Après un passage en commission, les quelque 35 articles et les 277 amendements du projet de loi Ripost, pour « Réponses immédiates aux phénomènes troublant l’ordre public, la sécurité et la tranquillité de nos concitoyens », arrivent ce lundi en séance publique au Sénat. Le texte, défendu par le gouvernement et porté par le ministre de l’Intérieur Laurent Nuñez, entend traiter des problématiques quotidiennes que sont, entre autres, les rave parties, le protoxyde d’azote, les mortiers d’artifice, les rodéos motorisés ou encore les violences dans les stades.
Un projet de loi en deux axes
Le projet de loi Ripost s’articule autour de deux axes : un durcissement des sanctions réprimant différentes incivilités en augmentation et une amélioration des outils à la disposition des forces de l’ordre. Les débats vont s’ouvrir en fin d’après-midi ou en début de soirée à la chambre haute et se poursuivront mardi et mercredi, avant un vote solennel programmé le 26 mai.
La droite pour, la gauche réservée
Le soutien du Sénat, solidement dominé par une alliance entre la droite et le centre, ne fait aucun doute. Pour autant, certains parlementaires ont souligné la « fragilité juridique » de certaines mesures lors de l’audition du ministre en commission des Lois, et d’autres s’interrogeaient sur la « cohérence » d’un projet hétéroclite. De son côté, la gauche est très réservée voire opposée, notamment face à l’extension des amendes forfaitaires délictuelles (AFD), qui constitue l’une des principales réponses gouvernementales à l’augmentation de certaines incivilités, et dont l’efficacité est remise en cause par un récent rapport de la Cour des comptes. D’autant que ce projet s’ajoute à un bloc de textes régaliens voulu par le Premier ministre Sébastien Lecornu, sur le renforcement des polices municipales, la réforme de la justice criminelle ou l’extension de la durée de rétention des étrangers jugés dangereux. Autant d’initiatives plus ou moins dénoncées dans l’opposition.

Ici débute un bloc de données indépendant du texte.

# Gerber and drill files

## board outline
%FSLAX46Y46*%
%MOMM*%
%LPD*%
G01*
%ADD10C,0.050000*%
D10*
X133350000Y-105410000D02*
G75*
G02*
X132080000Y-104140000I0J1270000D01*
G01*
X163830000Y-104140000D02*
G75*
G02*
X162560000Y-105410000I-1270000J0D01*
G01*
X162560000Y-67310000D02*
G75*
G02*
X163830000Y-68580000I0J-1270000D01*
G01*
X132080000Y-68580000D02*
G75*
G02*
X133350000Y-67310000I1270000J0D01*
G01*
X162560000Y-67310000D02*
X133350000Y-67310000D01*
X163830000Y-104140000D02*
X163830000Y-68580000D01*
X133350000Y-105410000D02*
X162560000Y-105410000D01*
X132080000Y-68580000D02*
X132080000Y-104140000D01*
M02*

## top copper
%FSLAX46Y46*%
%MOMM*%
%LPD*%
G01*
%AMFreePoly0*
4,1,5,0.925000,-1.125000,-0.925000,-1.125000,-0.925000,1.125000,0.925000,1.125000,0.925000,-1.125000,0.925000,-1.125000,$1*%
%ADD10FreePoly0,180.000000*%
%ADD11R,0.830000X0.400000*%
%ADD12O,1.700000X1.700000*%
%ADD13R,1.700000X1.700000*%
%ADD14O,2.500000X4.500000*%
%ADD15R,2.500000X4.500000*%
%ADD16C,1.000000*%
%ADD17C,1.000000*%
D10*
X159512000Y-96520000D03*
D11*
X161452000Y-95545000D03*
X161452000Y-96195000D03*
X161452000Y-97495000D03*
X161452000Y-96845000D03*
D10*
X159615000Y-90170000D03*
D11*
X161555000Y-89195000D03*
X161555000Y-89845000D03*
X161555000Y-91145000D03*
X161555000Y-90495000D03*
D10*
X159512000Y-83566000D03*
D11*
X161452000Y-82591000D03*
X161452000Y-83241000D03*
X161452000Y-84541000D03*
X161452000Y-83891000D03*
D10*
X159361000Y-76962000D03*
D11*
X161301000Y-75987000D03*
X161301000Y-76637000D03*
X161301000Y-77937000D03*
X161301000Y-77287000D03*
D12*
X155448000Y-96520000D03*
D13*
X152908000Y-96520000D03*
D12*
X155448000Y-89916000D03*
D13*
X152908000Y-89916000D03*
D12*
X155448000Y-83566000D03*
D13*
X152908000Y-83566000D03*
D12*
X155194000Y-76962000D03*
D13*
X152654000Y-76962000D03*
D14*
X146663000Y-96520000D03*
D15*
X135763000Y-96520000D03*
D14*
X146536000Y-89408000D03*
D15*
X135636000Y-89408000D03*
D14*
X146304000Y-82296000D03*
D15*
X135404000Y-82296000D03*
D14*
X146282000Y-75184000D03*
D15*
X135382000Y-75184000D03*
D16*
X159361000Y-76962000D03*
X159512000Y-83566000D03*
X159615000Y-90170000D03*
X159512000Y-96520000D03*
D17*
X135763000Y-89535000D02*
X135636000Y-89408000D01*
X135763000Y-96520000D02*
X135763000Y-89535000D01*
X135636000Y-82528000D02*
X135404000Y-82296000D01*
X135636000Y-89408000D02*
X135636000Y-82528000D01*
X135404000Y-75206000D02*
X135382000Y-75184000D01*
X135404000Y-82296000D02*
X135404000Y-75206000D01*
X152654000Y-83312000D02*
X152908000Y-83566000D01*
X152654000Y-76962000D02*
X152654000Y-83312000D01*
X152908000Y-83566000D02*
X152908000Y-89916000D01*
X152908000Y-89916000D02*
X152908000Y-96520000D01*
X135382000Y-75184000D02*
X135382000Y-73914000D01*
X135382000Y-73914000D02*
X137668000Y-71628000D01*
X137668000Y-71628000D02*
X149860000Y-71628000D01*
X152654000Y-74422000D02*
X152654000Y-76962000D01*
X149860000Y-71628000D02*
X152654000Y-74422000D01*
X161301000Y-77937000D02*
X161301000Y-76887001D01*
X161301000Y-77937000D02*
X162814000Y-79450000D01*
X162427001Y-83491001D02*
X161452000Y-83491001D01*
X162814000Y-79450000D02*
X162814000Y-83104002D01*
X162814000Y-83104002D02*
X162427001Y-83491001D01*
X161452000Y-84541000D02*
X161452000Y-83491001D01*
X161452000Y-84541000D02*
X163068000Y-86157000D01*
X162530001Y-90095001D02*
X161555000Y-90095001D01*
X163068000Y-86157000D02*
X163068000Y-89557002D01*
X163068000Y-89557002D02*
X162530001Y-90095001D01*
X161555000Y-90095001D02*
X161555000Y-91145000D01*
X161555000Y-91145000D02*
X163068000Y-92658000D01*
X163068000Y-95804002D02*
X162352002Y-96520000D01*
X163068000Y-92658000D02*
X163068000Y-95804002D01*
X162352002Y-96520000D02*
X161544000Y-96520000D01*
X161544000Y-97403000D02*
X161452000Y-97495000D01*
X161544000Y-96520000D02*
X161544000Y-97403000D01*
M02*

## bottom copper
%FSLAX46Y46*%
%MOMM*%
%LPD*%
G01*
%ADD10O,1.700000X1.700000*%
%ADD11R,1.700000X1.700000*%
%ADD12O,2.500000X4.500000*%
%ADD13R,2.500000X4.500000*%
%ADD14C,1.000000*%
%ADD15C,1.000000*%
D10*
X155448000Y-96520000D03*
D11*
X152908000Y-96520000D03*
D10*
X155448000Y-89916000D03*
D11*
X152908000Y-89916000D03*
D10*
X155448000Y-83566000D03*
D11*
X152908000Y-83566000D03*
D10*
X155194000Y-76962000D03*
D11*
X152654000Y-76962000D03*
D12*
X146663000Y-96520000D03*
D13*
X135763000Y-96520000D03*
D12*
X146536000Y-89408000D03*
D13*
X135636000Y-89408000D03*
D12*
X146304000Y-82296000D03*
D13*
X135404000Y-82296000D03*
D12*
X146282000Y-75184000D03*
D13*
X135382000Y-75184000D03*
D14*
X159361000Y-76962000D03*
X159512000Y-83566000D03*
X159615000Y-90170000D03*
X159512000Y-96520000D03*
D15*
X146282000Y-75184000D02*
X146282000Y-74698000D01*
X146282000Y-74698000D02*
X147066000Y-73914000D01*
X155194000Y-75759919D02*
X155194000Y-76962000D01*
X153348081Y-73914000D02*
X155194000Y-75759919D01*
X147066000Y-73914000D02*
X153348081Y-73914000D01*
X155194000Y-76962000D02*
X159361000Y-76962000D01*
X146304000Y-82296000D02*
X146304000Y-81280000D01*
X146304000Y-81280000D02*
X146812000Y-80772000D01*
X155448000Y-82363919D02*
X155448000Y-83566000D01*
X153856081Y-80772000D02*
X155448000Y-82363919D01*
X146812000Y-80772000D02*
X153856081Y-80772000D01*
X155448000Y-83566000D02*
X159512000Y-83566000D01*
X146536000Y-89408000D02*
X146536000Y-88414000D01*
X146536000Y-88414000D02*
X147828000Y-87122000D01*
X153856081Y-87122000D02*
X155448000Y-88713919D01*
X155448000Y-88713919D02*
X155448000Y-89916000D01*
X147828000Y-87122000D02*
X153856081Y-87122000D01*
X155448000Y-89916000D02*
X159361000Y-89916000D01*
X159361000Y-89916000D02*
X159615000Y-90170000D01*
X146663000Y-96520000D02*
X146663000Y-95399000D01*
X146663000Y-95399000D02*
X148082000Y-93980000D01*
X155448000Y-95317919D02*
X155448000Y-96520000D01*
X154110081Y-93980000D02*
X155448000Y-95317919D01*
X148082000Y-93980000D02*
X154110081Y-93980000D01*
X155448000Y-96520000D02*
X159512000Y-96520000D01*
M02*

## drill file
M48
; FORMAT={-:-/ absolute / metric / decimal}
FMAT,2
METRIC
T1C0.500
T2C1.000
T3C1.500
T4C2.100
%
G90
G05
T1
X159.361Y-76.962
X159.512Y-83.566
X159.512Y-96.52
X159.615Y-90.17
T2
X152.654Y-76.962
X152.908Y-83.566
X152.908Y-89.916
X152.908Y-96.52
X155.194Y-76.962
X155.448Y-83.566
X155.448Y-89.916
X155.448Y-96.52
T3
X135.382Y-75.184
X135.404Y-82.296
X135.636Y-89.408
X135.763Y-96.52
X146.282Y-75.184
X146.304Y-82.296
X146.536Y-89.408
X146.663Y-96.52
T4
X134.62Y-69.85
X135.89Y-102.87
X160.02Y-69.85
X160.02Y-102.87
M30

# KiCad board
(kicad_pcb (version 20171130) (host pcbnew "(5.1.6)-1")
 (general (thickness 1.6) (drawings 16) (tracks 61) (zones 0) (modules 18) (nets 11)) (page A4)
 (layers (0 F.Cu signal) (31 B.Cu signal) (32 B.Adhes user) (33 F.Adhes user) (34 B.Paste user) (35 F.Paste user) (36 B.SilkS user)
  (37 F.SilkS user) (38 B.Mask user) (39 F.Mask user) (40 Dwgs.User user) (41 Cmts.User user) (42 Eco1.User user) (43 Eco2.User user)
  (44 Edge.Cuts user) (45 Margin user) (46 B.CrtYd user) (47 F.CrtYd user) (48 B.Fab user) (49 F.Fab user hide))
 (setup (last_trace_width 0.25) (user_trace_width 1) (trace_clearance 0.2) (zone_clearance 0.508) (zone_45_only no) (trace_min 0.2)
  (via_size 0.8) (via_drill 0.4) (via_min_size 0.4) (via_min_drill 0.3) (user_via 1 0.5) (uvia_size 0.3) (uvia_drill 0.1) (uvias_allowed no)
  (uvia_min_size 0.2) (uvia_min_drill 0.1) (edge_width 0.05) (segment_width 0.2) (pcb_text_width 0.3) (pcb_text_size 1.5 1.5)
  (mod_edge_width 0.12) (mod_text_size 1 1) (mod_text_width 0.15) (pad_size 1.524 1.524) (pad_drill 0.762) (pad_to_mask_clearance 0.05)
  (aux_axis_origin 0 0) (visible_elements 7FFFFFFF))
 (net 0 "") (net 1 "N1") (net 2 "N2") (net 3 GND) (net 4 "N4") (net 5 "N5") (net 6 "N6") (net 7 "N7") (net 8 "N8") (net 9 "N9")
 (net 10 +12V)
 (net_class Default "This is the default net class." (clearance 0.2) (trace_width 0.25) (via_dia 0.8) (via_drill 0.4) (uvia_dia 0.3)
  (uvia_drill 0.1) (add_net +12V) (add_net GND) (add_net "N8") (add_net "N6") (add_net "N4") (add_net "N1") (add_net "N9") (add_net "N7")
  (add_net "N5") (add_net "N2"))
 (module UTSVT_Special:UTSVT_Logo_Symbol (layer B.Cu) (at 137.16 91.44 90)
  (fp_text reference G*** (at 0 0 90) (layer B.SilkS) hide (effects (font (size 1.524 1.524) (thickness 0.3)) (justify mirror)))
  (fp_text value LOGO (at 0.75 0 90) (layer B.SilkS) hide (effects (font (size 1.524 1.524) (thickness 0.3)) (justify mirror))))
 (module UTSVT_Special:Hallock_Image (layer B.Cu) (at 146.685 89.535)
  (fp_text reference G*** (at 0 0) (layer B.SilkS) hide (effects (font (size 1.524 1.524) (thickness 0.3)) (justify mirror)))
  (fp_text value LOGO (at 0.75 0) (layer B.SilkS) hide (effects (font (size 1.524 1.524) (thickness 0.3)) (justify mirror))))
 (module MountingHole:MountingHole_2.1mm (layer F.Cu) (at 134.62 69.85)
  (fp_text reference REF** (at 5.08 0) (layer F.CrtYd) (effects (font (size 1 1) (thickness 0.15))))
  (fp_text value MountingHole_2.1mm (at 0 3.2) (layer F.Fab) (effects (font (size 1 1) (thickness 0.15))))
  (pad "" np_thru_hole circle (at 0 0) (size 2.1 2.1) (drill 2.1) (layers *.Cu *.Mask)))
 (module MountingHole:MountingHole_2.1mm (layer F.Cu) (at 135.89 102.87)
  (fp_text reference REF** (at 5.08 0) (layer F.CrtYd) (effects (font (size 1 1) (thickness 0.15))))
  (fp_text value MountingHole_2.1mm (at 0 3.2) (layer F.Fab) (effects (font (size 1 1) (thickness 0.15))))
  (pad "" np_thru_hole circle (at 0 0) (size 2.1 2.1) (drill 2.1) (layers *.Cu *.Mask)))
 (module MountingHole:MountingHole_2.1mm (layer F.Cu) (at 160.02 102.87)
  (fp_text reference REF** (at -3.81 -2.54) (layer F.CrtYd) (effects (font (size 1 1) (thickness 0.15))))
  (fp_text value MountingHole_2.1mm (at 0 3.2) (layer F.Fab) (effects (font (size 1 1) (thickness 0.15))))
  (pad "" np_thru_hole circle (at 0 0) (size 2.1 2.1) (drill 2.1) (layers *.Cu *.Mask)))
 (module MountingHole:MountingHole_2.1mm (layer F.Cu) (at 160.02 69.85)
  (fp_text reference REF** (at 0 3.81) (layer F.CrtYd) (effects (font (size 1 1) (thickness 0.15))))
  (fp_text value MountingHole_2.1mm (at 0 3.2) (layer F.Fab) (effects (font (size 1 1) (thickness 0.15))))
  (pad "" np_thru_hole circle (at 0 0) (size 2.1 2.1) (drill 2.1) (layers *.Cu *.Mask)))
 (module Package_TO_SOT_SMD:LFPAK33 (layer F.Cu) (at 159.917 96.52 180) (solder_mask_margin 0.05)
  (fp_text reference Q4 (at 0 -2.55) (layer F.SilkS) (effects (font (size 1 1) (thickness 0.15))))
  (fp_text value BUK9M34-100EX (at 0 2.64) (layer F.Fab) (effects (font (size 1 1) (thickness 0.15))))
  (pad 5 smd custom (at 0.405 0 180) (size 1.85 2.25) (layers F.Cu F.Mask) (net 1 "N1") (zone_connect 2)
   (options (clearance outline) (anchor rect)) (primitives))
  (pad "" smd rect (at 1.575 0.975 180) (size 0.75 0.3) (layers F.Paste))
  (pad "" smd rect (at 1.575 0.325 180) (size 0.75 0.3) (layers F.Paste))
  (pad "" smd rect (at 1.575 -0.325 180) (size 0.75 0.3) (layers F.Paste))
  (pad "" smd rect (at 1.575 -0.975 180) (size 0.75 0.3) (layers F.Paste))
  (pad "" smd rect (at -1.535 -0.975 180) (size 0.83 0.3) (layers F.Paste))
  (pad "" smd rect (at -1.535 -0.325 180) (size 0.83 0.3) (layers F.Paste))
  (pad "" smd rect (at -1.535 0.325 180) (size 0.83 0.3) (layers F.Paste))
  (pad 4 smd rect (at -1.535 0.975 180) (size 0.83 0.4) (layers F.Cu F.Mask) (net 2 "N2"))
  (pad "" smd rect (at -1.535 0.975 180) (size 0.83 0.3) (layers F.Paste))
  (pad 3 smd rect (at -1.535 0.325 180) (size 0.83 0.4) (layers F.Cu F.Mask) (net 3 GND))
  (pad 1 smd rect (at -1.535 -0.975 180) (size 0.83 0.4) (layers F.Cu F.Mask) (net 3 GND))
  (pad 2 smd rect (at -1.535 -0.325 180) (size 0.83 0.4) (layers F.Cu F.Mask) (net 3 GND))
  (pad "" smd rect (at 0.645 0.626 180) (size 0.51 0.635) (layers F.Paste))
  (pad "" smd rect (at -0.215 0.626 180) (size 0.51 0.635) (layers F.Paste))
  (pad "" smd rect (at 0.645 -0.626 180) (size 0.51 0.635) (layers F.Paste))
  (pad "" smd rect (at -0.215 -0.626 180) (size 0.51 0.635) (layers F.Paste)))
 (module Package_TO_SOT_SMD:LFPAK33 (layer F.Cu) (at 160.02 90.17 180) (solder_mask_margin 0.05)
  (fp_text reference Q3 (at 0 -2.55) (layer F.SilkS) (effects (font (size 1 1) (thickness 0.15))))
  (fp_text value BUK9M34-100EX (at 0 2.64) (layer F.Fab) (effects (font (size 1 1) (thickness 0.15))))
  (pad 5 smd custom (at 0.405 0 180) (size 1.85 2.25) (layers F.Cu F.Mask) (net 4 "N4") (zone_connect 2)
   (options (clearance outline) (anchor rect)) (primitives))
  (pad "" smd rect (at 1.575 0.975 180) (size 0.75 0.3) (layers F.Paste))
  (pad "" smd rect (at 1.575 0.325 180) (size 0.75 0.3) (layers F.Paste))
  (pad "" smd rect (at 1.575 -0.325 180) (size 0.75 0.3) (layers F.Paste))
  (pad "" smd rect (at 1.575 -0.975 180) (size 0.75 0.3) (layers F.Paste))
  (pad "" smd rect (at -1.535 -0.975 180) (size 0.83 0.3) (layers F.Paste))
  (pad "" smd rect (at -1.535 -0.325 180) (size 0.83 0.3) (layers F.Paste))
  (pad "" smd rect (at -1.535 0.325 180) (size 0.83 0.3) (layers F.Paste))
  (pad 4 smd rect (at -1.535 0.975 180) (size 0.83 0.4) (layers F.Cu F.Mask) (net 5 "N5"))
  (pad "" smd rect (at -1.535 0.975 180) (size 0.83 0.3) (layers F.Paste))
  (pad 3 smd rect (at -1.535 0.325 180) (size 0.83 0.4) (layers F.Cu F.Mask) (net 3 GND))
  (pad 1 smd rect (at -1.535 -0.975 180) (size 0.83 0.4) (layers F.Cu F.Mask) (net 3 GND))
  (pad 2 smd rect (at -1.535 -0.325 180) (size 0.83 0.4) (layers F.Cu F.Mask) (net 3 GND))
  (pad "" smd rect (at 0.645 0.626 180) (size 0.51 0.635) (layers F.Paste))
  (pad "" smd rect (at -0.215 0.626 180) (size 0.51 0.635) (layers F.Paste))
  (pad "" smd rect (at 0.645 -0.626 180) (size 0.51 0.635) (layers F.Paste))
  (pad "" smd rect (at -0.215 -0.626 180) (size 0.51 0.635) (layers F.Paste)))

Des délits créés et des sanctions augmentées
Le durcissement de la répression des rassemblements musicaux risque de faire parler, avec plusieurs mesures phares, comme l’abaissement à 250 participants du seuil au-dessus duquel une déclaration en préfecture est requise (contre 500 actuellement). Un nouveau délit pour l’organisation d’une free party, puni de deux ans de prison et 30.000 euros d’amende, est également contenu dans ce texte. Pour sanctionner les participants, le débat aura lieu entre le gouvernement, qui propose là aussi un nouveau délit, et le Sénat, qui privilégie à ce stade une contravention de cinquième classe (entre 1.500 euros et 3.000 euros en cas de récidive).
Sur le protoxyde d’azote, « gaz hilarant », dont le détournement et les risques sanitaires et sécuritaires inquiètent, des délits d’inhalation et de conduite sous son emprise sont créés par le texte. Le Sénat prône, en plus, une interdiction générale de la vente aux particuliers.
Sur la répression des rodéos motorisés, la création d’une amende forfaitaire délictuelle (AFD) de 800 euros est proposée pour permettre une sanction plus rapide sans attendre la décision judiciaire. L’AFD pour usage de stupéfiants sera par ailleurs augmentée, de 200 à 500 euros, une mesure critiquée par une partie de la gauche.
Un autre article du texte a suscité la colère des syndicats des douaniers : il prévoit notamment de confier aux policiers et aux gendarmes les prérogatives de la douane aux frontières.
Prochaine étape : l'Assemblée nationale
Après son passage au Sénat, le texte devra trouver son chemin dans l’agenda surchargé de l’Assemblée, mais aucun calendrier n’est à ce stade arrêté, ce qui suscite l’inquiétude de nombreux parlementaires.